Sherwood tells me, “There are certainly many people with long COVID who refuse to accept it.” She goes on,

Some of the internet hate directed at people who discuss their symptoms is horrible. People tell you, ‘Oh, you’re weak and frail, and it’s all in your brain. And get more exercise and fresh air.’ And there’s almost hatred; it’s not a lot of people. They are most likely a small minority, but they are aggressive. I believe they deny the existence of this illness because they don’t want to think about it. They refuse to believe it. They want to do whatever they want and mingle with large groups of people, so they’d rather pretend it doesn’t exist and criticize those who don’t.


In terms of the actuality of long COVID, despite its detractors, it stands to reason that someone infected with a very inflammatory disease will experience long-term nervous system difficulties. As with fibromyalgia, the validity of long COVID has been called into question.
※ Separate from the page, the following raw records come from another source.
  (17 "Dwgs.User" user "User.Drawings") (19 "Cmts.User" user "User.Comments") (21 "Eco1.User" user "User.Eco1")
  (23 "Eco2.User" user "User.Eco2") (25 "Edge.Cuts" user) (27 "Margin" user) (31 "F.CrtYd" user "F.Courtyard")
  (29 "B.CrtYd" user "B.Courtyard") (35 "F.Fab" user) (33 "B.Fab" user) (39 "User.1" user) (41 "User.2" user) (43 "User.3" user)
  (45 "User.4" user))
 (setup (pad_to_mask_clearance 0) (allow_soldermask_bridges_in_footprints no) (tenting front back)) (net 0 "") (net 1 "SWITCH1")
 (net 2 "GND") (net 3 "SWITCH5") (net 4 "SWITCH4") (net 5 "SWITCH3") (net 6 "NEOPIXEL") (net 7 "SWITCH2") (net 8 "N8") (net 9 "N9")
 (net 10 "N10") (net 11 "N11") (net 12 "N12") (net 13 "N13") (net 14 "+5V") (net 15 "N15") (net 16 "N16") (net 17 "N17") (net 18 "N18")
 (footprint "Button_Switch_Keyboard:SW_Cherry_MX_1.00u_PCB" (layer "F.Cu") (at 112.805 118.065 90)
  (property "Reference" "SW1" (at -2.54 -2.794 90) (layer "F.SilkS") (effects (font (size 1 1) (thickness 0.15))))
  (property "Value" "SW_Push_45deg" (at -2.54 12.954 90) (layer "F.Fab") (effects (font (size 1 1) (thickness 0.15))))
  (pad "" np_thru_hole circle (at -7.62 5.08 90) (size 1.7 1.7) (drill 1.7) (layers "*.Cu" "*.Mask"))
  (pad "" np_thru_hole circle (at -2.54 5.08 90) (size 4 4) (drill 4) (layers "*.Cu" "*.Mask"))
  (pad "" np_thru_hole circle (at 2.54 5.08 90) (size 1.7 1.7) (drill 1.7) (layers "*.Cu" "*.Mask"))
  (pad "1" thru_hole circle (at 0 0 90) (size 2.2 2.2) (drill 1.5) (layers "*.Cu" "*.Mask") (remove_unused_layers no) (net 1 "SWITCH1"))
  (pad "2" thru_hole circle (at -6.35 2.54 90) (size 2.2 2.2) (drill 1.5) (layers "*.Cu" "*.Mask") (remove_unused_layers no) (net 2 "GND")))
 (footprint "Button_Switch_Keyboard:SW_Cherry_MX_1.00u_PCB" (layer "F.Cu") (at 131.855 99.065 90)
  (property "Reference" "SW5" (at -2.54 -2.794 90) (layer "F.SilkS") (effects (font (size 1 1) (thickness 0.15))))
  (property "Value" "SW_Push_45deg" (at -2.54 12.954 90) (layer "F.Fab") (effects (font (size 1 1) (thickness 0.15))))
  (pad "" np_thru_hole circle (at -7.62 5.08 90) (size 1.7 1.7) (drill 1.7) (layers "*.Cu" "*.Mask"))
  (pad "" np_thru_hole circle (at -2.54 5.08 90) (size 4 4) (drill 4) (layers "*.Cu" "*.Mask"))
After years of lobbying and advancements in neuropathy, the theory that nerve fibers and brain inflammation are connected is more accepted. There are those who believe that fibromyalgia is an “imagined” condition and do not believe it is a “real” condition.
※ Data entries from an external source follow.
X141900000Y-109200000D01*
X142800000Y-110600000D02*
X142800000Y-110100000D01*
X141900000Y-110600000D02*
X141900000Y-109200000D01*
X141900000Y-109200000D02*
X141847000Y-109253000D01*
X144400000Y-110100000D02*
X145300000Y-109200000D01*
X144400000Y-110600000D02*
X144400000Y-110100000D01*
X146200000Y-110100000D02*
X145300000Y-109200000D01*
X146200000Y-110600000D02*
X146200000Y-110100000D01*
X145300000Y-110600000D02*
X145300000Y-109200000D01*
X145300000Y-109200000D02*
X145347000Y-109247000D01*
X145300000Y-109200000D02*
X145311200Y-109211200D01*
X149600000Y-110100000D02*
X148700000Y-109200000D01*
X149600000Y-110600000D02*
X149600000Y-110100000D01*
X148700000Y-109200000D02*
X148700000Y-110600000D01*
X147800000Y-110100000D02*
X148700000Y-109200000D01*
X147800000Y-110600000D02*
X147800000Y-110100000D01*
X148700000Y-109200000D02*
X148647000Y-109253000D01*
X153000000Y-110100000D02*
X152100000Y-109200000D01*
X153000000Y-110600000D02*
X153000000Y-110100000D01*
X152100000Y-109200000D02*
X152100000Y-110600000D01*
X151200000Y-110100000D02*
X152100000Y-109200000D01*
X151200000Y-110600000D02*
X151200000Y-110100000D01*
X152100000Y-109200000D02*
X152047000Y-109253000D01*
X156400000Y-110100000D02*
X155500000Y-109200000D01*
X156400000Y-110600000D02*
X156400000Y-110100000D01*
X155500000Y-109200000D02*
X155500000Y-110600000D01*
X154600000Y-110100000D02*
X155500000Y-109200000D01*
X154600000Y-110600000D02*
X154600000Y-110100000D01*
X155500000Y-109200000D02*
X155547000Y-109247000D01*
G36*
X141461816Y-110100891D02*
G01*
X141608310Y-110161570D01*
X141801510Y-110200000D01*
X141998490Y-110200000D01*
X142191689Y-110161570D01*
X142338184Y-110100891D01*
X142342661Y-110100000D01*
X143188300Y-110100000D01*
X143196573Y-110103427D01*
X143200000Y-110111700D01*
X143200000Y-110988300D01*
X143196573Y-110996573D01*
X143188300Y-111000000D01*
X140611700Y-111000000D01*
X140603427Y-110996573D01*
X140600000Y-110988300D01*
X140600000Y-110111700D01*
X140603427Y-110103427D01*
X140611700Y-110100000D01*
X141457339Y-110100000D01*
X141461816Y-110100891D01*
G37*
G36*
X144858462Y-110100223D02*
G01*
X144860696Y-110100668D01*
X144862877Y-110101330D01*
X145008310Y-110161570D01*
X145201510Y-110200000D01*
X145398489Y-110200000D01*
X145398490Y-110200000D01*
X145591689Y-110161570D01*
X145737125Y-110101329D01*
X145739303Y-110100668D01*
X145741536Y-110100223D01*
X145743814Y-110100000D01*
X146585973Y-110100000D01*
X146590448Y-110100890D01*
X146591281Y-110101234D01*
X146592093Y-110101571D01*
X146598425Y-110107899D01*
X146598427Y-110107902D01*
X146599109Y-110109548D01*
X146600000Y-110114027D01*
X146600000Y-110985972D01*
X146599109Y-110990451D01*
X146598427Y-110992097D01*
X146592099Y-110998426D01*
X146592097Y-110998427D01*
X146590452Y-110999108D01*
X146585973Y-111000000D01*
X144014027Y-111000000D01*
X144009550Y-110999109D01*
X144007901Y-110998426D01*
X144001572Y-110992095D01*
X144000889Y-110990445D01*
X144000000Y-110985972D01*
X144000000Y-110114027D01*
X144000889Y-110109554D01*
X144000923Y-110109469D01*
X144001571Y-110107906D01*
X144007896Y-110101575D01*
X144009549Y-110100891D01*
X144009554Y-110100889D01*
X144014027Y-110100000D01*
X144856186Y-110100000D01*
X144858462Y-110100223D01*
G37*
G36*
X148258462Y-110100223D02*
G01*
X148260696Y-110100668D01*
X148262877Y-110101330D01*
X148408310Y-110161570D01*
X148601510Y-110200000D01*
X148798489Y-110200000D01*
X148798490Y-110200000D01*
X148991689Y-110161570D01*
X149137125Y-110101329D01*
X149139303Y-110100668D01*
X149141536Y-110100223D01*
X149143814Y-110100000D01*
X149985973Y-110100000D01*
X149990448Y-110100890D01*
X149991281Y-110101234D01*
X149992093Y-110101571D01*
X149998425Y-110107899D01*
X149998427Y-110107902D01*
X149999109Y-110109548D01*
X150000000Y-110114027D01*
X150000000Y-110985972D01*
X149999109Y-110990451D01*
Sherwood claims that her country was unprepared for the possibility of long-term consequences. “There was no planning for the possibility that people would still become ill. It was either you died, ended up in the hospital, or got better. There was no other option. We were not prepared for the morbidity aspect.”

“I believe it is critical that people with long COVID who are disabled by it be recognized as disabled.” Some in the UK want COVID to be recognized as an occupational illness, says Sherwood.

Long COVID is an occupational illness. People who have caught COVID at work are losing their jobs. The issue is that people who are not completely disabled can’t return to work. Depending on what their job was. Some people can return to work part-time, but if their jobs are physically demanding or require long hours, it’s difficult. People have lost jobs and doctors and need help. Sherwood tells me that “some people may have much milder symptoms, but it still has an impact on their lives.”

It’s work or starve for the working class, who must always have their own steady income, either their own or that of a dependent (parent, spouse, or child). Lockdowns force workers to choose between eviction, losing health care benefits, starving, or spreading disease. A long illness and disability pose a risk to the work discipline required of workers under capitalism.

Care work is undervalued and unstable, which will have long-term effects. Since care work is feminized, it is underpaid and precarious, performed by low-wage immigrant workers in the gig economy who face widespread harassment, violence, and wage theft. According to Sarah White Kimmerle, capitalism is “hampered by both capitalism’s dependence on women’s domestic work as well as their undervalued care work and often precarious part-time employment” and the “sexist ideas that persist and ensure the gendered division of labor is reproduced over and over again.”

The crisis of care has been described by writers such as Gabriel Winnant as the result of austerity and deindustrialization, which have been exacerbated by the rapidly aging population. In the middle of a global epidemic and a healthcare crisis, at a moment when our society should be investing in recruiting more healthcare workers, “many nurses have been laid off, while billionaires grew their fortunes to the tune of $1 trillion.”

A person’s actions encourage the illness to spread and mutate further when they say things like “I’m unwell, but I have to go to work,” or “my job puts me at danger, but I can’t afford to lose it,” or “I had to take care of a loved one who is sick, but I have no paid leave.” They are also putting the lives of individuals they care about in jeopardy. But they don’t have much of a choice.

People are eager to go back to normal, whether it’s because of the economy, inflation, masks, or they think the COVID vaccine shields them from all variables. But it is impossible for life to go on normally with long COVID transmission becoming normal. This is not an endemic, but a policy failure. As long as we hold firm to the notion that risk is individual, not shared, we will never get out of this pandemic.